Concurso público
Concurso para médico: A decisão do TCU contra a terceirização alcança concursos estaduais e municipais?
Análise sobre o Acórdão 987/2026 do TCU examina como os fundamentos constitucionais contra a terceirização abusiva de atividades-fim podem embasar ações de candidatos aprovados em concursos médicos estaduais e municipais à luz do art. 37, II, da CF e do Tema 784 do STF.
A prefeitura realizou concurso para médico, mas continua preenchendo as escalas com profissionais temporários. O governo estadual mantém candidatos aprovados aguardando convocação enquanto hospitais públicos recebem médicos contratados por empresas ou organizações sociais.
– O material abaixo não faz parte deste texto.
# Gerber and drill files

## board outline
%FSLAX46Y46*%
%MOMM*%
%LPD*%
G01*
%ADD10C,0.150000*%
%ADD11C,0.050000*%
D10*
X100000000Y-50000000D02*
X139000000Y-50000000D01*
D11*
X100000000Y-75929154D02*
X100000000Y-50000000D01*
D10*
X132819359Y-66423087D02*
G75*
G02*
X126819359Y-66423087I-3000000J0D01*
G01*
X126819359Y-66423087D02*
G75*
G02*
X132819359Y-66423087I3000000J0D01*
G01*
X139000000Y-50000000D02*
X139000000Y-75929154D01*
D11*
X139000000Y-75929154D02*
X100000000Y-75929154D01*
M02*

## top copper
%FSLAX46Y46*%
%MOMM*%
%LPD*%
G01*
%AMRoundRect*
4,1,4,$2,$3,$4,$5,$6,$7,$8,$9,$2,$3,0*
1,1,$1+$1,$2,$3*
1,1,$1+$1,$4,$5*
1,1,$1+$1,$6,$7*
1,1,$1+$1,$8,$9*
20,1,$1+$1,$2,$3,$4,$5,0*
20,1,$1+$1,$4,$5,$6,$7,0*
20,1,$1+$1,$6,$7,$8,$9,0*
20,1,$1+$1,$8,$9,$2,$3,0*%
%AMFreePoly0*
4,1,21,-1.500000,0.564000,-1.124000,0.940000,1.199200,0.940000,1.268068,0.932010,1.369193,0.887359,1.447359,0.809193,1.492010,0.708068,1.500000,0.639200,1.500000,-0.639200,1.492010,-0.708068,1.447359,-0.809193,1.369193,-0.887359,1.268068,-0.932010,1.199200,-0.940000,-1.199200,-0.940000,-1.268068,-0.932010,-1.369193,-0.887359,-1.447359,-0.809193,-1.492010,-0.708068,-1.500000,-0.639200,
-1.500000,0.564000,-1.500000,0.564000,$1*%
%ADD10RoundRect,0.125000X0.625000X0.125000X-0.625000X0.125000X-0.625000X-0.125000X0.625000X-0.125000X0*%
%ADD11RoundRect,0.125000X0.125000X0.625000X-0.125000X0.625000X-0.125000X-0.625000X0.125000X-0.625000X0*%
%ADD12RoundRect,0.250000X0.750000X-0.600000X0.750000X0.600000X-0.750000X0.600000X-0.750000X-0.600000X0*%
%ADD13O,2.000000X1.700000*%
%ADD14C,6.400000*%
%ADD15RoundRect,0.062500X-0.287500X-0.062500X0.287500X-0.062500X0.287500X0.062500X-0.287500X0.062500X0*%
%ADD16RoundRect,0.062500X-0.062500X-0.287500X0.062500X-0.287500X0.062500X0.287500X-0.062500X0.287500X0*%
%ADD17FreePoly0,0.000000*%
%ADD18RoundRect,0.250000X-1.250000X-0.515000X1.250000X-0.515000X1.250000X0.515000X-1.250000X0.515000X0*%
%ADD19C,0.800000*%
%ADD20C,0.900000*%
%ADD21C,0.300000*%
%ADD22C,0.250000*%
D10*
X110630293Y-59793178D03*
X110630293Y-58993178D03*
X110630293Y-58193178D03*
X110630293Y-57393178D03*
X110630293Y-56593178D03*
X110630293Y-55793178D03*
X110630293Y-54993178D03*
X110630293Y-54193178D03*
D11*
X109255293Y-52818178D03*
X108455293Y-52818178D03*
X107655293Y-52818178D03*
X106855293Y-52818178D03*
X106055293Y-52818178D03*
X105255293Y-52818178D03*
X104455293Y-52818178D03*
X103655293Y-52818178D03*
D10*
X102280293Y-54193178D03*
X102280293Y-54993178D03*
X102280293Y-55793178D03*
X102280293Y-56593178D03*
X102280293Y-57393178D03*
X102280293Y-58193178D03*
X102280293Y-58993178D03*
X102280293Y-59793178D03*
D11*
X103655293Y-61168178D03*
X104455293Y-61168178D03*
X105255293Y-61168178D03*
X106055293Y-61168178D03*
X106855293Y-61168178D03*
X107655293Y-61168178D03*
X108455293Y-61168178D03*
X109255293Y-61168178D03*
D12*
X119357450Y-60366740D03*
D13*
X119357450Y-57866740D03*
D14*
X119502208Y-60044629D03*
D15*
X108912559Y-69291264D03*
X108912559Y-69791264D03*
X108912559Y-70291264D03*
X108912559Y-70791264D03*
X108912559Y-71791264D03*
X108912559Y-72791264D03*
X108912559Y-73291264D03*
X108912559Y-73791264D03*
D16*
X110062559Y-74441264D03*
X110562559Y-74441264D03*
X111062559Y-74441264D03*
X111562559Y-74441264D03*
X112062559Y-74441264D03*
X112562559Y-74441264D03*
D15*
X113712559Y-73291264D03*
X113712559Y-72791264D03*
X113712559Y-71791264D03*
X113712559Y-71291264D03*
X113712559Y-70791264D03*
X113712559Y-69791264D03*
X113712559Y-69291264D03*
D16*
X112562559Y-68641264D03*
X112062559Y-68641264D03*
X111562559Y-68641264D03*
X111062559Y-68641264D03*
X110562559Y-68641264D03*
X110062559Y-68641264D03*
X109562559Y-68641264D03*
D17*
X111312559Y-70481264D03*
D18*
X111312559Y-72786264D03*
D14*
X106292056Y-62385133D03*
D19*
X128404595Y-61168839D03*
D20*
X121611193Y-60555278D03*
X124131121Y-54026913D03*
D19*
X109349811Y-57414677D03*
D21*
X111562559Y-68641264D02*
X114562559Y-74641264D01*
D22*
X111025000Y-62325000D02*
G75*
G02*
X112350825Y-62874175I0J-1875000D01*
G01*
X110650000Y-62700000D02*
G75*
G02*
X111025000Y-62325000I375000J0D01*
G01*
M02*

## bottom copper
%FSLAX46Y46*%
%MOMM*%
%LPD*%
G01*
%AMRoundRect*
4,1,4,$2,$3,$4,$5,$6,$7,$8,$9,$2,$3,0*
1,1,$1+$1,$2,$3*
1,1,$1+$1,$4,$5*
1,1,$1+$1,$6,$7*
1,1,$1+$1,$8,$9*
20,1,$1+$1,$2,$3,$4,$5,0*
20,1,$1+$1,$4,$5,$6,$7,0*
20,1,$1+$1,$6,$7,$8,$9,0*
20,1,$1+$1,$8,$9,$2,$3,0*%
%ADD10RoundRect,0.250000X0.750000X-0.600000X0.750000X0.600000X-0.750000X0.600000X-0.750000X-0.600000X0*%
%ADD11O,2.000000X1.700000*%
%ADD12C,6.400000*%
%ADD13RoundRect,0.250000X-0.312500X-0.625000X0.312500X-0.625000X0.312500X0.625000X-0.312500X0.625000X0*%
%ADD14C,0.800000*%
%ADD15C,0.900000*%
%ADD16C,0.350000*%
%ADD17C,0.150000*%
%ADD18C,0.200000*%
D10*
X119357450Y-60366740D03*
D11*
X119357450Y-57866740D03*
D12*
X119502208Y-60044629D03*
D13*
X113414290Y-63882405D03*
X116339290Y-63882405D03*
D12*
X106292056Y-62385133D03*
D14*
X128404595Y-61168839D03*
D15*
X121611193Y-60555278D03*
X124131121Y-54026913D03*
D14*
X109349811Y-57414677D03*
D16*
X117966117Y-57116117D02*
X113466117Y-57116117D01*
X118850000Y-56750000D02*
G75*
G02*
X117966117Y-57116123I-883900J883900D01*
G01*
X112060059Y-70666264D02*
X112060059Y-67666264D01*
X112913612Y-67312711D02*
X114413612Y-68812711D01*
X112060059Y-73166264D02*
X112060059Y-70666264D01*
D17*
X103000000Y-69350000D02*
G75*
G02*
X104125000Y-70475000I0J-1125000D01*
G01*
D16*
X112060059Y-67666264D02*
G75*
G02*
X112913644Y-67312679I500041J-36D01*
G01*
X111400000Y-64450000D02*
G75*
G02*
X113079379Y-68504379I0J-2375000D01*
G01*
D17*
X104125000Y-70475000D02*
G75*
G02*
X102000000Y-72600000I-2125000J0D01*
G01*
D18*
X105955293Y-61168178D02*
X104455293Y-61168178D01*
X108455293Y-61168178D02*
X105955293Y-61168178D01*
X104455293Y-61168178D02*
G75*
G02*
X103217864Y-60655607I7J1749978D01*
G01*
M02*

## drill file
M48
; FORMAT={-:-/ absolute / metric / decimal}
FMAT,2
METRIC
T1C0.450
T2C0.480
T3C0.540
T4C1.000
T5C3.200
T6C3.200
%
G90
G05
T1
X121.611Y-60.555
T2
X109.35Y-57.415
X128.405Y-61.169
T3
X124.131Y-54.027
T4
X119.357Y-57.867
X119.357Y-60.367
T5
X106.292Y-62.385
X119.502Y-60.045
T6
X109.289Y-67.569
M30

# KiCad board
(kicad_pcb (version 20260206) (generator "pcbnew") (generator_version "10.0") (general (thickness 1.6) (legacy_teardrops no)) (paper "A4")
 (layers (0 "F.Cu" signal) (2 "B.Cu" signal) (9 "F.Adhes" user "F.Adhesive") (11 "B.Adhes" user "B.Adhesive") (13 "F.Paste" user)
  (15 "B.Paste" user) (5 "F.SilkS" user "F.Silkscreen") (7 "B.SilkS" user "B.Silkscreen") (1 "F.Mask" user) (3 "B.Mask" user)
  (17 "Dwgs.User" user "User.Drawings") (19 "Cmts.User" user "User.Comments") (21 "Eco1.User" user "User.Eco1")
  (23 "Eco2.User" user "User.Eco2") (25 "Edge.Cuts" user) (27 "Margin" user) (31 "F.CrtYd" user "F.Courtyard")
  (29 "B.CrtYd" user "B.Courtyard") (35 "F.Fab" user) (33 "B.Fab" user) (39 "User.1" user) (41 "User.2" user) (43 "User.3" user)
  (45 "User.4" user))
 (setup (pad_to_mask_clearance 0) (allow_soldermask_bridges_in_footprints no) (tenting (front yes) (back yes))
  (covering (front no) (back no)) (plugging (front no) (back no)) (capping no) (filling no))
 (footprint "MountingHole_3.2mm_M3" (layer "F.Cu") (at 109.289246 67.568769)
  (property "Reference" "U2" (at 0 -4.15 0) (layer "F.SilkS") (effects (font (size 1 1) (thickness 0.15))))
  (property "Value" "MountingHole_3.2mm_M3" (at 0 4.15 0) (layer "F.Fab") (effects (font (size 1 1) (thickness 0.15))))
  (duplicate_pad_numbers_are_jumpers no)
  (pad "" np_thru_hole circle (at 0 0) (size 3.2 3.2) (drill 3.2) (layers "*.Cu" "*.Mask")))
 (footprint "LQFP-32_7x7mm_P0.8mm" (layer "F.Cu") (at 106.455293 56.993178 180)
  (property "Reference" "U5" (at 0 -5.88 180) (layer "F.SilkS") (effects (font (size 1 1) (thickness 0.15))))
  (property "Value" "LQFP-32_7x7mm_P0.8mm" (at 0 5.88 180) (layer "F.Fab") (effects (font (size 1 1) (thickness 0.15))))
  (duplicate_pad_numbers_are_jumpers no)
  (pad "1" smd roundrect (at -4.175 -2.8 180) (size 1.5 0.5) (layers "F.Cu" "F.Mask" "F.Paste") (roundrect_rratio 0.25) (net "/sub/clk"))
  (pad "2" smd roundrect (at -4.175 -2 180) (size 1.5 0.5) (layers "F.Cu" "F.Mask" "F.Paste") (roundrect_rratio 0.25) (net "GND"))
  (pad "3" smd roundrect (at -4.175 -1.2 180) (size 1.5 0.5) (layers "F.Cu" "F.Mask" "F.Paste") (roundrect_rratio 0.25) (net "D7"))
  (pad "4" smd roundrect (at -4.175 -0.4 180) (size 1.5 0.5) (layers "F.Cu" "F.Mask" "F.Paste") (roundrect_rratio 0.25) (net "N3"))
  (pad "5" smd roundrect (at -4.175 0.4 180) (size 1.5 0.5) (layers "F.Cu" "F.Mask" "F.Paste") (roundrect_rratio 0.25))
  (pad "6" smd roundrect (at -4.175 1.2 180) (size 1.5 0.5) (layers "F.Cu" "F.Mask" "F.Paste") (roundrect_rratio 0.25) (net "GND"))
  (pad "7" smd roundrect (at -4.175 2 180) (size 1.5 0.5) (layers "F.Cu" "F.Mask" "F.Paste") (roundrect_rratio 0.25))
  (pad "8" smd roundrect (at -4.175 2.8 180) (size 1.5 0.5) (layers "F.Cu" "F.Mask" "F.Paste") (roundrect_rratio 0.25) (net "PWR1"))
  (pad "9" smd roundrect (at -2.8 4.175 180) (size 0.5 1.5) (layers "F.Cu" "F.Mask" "F.Paste") (roundrect_rratio 0.25) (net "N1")
   (clearance 0.35))
  (pad "10" smd roundrect (at -2 4.175 180) (size 0.5 1.5) (layers "F.Cu" "F.Mask" "F.Paste") (roundrect_rratio 0.25) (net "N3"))
  (pad "11" smd roundrect (at -1.2 4.175 180) (size 0.5 1.5) (layers "F.Cu" "F.Mask" "F.Paste") (roundrect_rratio 0.25) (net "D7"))
  (pad "12" smd roundrect (at -0.4 4.175 180) (size 0.5 1.5) (layers "F.Cu" "F.Mask" "F.Paste") (roundrect_rratio 0.25) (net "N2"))
  (pad "13" smd roundrect (at 0.4 4.175 180) (size 0.5 1.5) (layers "F.Cu" "F.Mask" "F.Paste") (roundrect_rratio 0.25) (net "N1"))
  (pad "14" smd roundrect (at 1.2 4.175 180) (size 0.5 1.5) (layers "F.Cu" "F.Mask" "F.Paste") (roundrect_rratio 0.25) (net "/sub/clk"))
  (pad "15" smd roundrect (at 2 4.175 180) (size 0.5 1.5) (layers "F.Cu" "F.Mask" "F.Paste") (roundrect_rratio 0.25))
  (pad "16" smd roundrect (at 2.8 4.175 180) (size 0.5 1.5) (layers "F.Cu" "F.Mask" "F.Paste") (roundrect_rratio 0.25))
  (pad "17" smd roundrect (at 4.175 2.8 180) (size 1.5 0.5) (layers "F.Cu" "F.Mask" "F.Paste") (roundrect_rratio 0.25) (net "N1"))
  (pad "18" smd roundrect (at 4.175 2 180) (size 1.5 0.5) (layers "F.Cu" "F.Mask" "F.Paste") (roundrect_rratio 0.25) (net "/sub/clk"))
  (pad "19" smd roundrect (at 4.175 1.2 180) (size 1.5 0.5) (layers "F.Cu" "F.Mask" "F.Paste") (roundrect_rratio 0.25) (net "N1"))
  (pad "20" smd roundrect (at 4.175 0.4 180) (size 1.5 0.5) (layers "F.Cu" "F.Mask" "F.Paste") (roundrect_rratio 0.25) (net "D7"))
  (pad "21" smd roundrect (at 4.175 -0.4 180) (size 1.5 0.5) (layers "F.Cu" "F.Mask" "F.Paste") (roundrect_rratio 0.25) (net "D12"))
  (pad "22" smd roundrect (at 4.175 -1.2 180) (size 1.5 0.5) (layers "F.Cu" "F.Mask" "F.Paste") (roundrect_rratio 0.25))
  (pad "23" smd roundrect (at 4.175 -2 180) (size 1.5 0.5) (layers "F.Cu" "F.Mask" "F.Paste") (roundrect_rratio 0.25))
  (pad "24" smd roundrect (at 4.175 -2.8 180) (size 1.5 0.5) (layers "F.Cu" "F.Mask" "F.Paste") (roundrect_rratio 0.25))
  (pad "25" smd roundrect (at 2.8 -4.175 180) (size 0.5 1.5) (layers "F.Cu" "F.Mask" "F.Paste") (roundrect_rratio 0.25) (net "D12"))
  (pad "26" smd roundrect (at 2 -4.175 180) (size 0.5 1.5) (layers "F.Cu" "F.Mask" "F.Paste") (roundrect_rratio 0.25) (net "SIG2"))
  (pad "27" smd roundrect (at 1.2 -4.175 180) (size 0.5 1.5) (layers "F.Cu" "F.Mask" "F.Paste") (roundrect_rratio 0.25) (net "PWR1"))
  (pad "28" smd roundrect (at 0.4 -4.175 180) (size 0.5 1.5) (layers "F.Cu" "F.Mask" "F.Paste") (roundrect_rratio 0.25) (clearance 0.35))
  (pad "29" smd roundrect (at -0.4 -4.175 180) (size 0.5 1.5) (layers "F.Cu" "F.Mask" "F.Paste") (roundrect_rratio 0.25) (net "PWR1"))
  (pad "30" smd roundrect (at -1.2 -4.175 180) (size 0.5 1.5) (layers "F.Cu" "F.Mask" "F.Paste") (roundrect_rratio 0.25) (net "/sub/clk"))
  (pad "31" smd roundrect (at -2 -4.175 180) (size 0.5 1.5) (layers "F.Cu" "F.Mask" "F.Paste") (roundrect_rratio 0.25) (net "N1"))
  (pad "32" smd roundrect (at -2.8 -4.175 180) (size 0.5 1.5) (layers "F.Cu" "F.Mask" "F.Paste") (roundrect_rratio 0.25) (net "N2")))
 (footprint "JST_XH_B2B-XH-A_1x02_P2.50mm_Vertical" (layer "F.Cu") (at 119.35745 60.36674 90)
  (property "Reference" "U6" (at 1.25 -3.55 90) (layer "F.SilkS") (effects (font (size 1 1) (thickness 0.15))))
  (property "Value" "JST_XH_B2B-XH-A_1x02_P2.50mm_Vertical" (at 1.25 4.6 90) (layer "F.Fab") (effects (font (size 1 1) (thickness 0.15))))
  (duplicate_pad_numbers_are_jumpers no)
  (pad "1" thru_hole roundrect (at 0 0 90) (size 1.7 2) (drill 1) (layers "*.Cu" "*.Mask") (remove_unused_layers no)
   (roundrect_rratio 0.147059) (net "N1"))
  (pad "2" thru_hole oval (at 2.5 0 90) (size 1.7 2) (drill 1) (layers "*.Cu" "*.Mask") (remove_unused_layers no)))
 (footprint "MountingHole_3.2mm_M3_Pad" (layer "F.Cu") (at 119.502208 60.044629)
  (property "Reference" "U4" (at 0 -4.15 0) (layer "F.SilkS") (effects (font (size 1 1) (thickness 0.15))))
Diante desse cenário, uma pergunta vem ganhando relevância: a nova posição do Tribunal de Contas da União sobre os limites da terceirização pode ser utilizada em concursos estaduais e municipais?
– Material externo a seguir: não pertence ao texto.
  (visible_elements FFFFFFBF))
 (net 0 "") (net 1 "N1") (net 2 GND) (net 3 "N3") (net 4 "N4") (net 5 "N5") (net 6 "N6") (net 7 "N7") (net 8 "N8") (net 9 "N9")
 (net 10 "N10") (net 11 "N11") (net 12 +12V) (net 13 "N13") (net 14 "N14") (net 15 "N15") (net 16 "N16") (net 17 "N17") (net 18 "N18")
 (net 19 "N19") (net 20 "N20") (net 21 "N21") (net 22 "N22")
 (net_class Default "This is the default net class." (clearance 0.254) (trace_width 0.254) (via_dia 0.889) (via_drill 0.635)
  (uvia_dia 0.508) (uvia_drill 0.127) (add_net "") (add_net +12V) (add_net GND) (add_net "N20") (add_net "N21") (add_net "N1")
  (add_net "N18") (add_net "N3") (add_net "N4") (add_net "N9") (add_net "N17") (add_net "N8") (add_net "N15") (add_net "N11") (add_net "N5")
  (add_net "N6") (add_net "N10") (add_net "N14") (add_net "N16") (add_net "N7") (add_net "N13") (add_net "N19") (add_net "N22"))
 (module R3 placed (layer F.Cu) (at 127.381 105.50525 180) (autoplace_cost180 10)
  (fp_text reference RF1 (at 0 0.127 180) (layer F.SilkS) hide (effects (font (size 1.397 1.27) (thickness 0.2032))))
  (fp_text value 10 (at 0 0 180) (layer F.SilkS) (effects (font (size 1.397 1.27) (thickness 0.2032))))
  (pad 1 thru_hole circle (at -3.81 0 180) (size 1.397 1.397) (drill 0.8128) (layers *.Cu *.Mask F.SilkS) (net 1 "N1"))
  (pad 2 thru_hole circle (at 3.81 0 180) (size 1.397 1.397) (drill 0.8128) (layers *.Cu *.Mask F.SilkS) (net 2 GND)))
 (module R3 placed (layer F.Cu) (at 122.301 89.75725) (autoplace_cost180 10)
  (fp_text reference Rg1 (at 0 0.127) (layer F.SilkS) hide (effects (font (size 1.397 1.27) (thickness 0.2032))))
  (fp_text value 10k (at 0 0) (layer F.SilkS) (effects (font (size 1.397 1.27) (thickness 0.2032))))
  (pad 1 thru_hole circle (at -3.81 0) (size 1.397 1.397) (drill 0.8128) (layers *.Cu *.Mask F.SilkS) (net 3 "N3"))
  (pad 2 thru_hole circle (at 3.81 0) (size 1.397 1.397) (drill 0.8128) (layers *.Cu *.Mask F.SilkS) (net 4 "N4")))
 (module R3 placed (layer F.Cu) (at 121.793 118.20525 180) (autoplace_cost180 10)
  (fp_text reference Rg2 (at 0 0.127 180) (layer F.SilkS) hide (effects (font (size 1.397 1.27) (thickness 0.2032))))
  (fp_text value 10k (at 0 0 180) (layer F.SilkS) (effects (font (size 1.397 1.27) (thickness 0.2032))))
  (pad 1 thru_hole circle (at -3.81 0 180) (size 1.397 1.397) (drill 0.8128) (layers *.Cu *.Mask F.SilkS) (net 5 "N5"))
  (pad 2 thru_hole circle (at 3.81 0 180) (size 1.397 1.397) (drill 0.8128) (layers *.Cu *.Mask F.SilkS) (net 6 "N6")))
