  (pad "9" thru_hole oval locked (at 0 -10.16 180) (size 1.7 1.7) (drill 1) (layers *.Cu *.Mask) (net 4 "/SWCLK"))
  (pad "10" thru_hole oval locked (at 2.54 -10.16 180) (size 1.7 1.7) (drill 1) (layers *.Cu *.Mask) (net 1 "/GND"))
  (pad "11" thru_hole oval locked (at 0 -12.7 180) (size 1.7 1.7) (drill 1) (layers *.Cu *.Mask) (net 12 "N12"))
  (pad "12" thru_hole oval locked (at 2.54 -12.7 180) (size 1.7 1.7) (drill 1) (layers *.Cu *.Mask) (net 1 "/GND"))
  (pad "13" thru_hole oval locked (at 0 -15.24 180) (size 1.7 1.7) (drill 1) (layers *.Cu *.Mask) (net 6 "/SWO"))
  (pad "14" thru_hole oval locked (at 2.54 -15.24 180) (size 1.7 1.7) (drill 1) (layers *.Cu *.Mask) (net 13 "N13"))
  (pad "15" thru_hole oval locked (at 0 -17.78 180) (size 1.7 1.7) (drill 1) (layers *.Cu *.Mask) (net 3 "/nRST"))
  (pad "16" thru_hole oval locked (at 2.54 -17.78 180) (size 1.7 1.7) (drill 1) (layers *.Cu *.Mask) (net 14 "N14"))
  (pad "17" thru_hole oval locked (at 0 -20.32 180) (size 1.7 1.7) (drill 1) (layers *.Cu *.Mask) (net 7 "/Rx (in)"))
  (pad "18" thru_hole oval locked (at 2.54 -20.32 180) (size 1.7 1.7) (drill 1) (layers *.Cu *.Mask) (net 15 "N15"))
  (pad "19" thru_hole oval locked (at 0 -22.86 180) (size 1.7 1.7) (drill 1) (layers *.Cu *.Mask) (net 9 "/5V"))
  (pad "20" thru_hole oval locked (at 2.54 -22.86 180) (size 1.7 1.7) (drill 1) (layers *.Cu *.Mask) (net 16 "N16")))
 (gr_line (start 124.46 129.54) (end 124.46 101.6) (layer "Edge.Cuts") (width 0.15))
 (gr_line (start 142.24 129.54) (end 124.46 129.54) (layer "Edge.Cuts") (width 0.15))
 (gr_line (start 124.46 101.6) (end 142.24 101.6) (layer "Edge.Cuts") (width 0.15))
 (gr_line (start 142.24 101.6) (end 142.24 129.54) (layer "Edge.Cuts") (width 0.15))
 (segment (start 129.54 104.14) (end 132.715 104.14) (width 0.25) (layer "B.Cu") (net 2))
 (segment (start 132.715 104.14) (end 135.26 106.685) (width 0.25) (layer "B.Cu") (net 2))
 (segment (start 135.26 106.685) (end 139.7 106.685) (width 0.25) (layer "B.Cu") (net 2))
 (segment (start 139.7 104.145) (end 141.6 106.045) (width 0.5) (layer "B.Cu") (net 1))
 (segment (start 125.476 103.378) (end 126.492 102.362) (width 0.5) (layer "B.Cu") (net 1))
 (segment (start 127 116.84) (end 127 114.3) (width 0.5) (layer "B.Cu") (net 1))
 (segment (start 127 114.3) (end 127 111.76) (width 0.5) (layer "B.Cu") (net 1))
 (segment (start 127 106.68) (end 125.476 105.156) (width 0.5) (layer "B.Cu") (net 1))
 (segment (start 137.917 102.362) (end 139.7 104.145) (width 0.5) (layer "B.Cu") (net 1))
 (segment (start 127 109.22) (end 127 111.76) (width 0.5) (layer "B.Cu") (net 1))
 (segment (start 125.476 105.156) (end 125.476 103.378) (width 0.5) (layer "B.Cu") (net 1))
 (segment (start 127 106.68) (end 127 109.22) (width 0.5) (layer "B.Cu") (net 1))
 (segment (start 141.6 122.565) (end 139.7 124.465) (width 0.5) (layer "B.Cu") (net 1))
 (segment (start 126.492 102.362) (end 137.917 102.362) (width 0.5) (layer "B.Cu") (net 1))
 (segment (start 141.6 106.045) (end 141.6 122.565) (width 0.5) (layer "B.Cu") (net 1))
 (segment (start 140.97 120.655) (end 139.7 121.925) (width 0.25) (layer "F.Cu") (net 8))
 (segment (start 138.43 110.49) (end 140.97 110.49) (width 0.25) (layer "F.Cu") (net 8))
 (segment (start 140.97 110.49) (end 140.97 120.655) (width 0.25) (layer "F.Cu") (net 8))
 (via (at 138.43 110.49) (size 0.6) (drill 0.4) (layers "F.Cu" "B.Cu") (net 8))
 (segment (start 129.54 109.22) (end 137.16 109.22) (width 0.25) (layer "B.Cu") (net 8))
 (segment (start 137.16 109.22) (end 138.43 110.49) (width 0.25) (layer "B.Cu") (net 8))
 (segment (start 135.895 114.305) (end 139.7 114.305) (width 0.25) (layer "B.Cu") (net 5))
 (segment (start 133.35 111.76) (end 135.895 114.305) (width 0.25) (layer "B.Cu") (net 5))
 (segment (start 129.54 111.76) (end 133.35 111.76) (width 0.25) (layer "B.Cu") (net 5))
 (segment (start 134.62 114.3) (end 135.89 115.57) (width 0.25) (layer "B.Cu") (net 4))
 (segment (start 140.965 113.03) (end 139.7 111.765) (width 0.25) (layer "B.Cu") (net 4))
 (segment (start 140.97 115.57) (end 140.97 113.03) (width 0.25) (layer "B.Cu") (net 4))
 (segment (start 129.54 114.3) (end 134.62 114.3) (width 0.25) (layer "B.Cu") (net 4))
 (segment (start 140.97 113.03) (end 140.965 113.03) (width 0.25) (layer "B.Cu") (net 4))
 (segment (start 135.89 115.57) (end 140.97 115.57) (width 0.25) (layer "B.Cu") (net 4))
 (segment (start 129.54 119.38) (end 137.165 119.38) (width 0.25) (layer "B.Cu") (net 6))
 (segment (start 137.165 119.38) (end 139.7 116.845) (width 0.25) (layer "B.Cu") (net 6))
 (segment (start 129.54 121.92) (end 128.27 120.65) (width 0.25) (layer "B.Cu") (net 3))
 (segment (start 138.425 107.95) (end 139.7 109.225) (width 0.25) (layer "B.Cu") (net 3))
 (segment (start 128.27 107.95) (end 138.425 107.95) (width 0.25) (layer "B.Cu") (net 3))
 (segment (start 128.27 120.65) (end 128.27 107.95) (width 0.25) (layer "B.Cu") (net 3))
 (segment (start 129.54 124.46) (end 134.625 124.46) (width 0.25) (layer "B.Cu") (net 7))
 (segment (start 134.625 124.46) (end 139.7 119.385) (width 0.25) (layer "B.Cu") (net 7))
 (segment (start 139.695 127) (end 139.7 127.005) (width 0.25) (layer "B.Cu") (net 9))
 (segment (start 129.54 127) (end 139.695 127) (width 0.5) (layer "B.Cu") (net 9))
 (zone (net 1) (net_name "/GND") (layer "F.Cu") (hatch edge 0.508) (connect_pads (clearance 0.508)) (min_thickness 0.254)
A resposta é positiva, mas exige uma distinção fundamental. O Acórdão 987/2026 do TCU não constitui uma ordem geral dirigida a todos os estados e municípios. A decisão foi proferida em um processo federal específico. Entretanto, parte de seus fundamentos decorre diretamente da Constituição Federal e pode contribuir para a análise de situações semelhantes em outras esferas administrativas.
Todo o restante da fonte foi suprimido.